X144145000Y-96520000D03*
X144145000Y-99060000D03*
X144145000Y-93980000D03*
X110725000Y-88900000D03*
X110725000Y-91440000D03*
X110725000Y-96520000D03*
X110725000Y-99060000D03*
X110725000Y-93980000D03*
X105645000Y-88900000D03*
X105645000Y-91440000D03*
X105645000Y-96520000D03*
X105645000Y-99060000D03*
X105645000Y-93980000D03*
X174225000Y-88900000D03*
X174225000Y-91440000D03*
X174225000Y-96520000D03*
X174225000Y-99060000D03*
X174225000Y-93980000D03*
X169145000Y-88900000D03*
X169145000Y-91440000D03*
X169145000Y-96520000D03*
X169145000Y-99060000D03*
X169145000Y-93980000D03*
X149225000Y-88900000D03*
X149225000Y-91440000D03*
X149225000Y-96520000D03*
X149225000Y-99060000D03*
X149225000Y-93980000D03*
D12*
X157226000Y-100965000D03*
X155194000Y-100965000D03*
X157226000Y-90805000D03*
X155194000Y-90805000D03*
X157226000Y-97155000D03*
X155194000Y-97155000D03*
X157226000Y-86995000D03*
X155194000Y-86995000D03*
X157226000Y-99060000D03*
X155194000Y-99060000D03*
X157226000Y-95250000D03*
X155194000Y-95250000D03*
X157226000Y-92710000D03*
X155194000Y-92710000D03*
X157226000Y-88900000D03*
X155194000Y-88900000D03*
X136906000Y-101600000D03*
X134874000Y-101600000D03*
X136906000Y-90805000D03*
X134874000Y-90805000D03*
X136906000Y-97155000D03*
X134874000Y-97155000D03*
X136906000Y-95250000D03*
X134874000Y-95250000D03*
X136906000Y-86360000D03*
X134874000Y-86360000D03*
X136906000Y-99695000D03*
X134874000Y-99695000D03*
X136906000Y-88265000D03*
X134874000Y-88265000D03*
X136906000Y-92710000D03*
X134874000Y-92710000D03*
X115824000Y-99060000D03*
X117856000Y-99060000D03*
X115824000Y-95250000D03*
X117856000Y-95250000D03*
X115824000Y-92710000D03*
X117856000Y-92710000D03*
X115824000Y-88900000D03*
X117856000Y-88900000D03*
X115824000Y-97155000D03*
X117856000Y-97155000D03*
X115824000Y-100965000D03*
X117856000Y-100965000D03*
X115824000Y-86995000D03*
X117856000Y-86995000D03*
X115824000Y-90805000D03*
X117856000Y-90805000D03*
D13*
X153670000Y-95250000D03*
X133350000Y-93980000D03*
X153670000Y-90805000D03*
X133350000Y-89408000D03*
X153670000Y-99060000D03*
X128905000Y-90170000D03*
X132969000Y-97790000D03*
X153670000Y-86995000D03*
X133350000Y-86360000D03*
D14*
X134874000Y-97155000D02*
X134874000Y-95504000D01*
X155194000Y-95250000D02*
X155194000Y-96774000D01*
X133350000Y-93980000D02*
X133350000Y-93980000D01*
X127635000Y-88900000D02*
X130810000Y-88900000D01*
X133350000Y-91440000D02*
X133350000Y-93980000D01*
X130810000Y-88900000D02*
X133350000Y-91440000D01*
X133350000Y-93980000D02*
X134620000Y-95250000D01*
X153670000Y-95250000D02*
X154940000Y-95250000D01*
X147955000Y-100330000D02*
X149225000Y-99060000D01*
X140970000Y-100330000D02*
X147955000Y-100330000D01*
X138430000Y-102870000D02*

************

▶ TASK DETAILS: With the line containing "X134874000Y-95504000D01*" as the first and the final line of the records as the last, copy that span exactly and nothing more.

▶ ANSWER SPACE:
X134874000Y-95504000D01*
X155194000Y-95250000D02*
X155194000Y-96774000D01*
X133350000Y-93980000D02*
X133350000Y-93980000D01*
X127635000Y-88900000D02*
X130810000Y-88900000D01*
X133350000Y-91440000D02*
X133350000Y-93980000D01*
X130810000Y-88900000D02*
X133350000Y-91440000D01*
X133350000Y-93980000D02*
X134620000Y-95250000D01*
X153670000Y-95250000D02*
X154940000Y-95250000D01*
X147955000Y-100330000D02*
X149225000Y-99060000D01*
X140970000Y-100330000D02*
X147955000Y-100330000D01*
X138430000Y-102870000D02*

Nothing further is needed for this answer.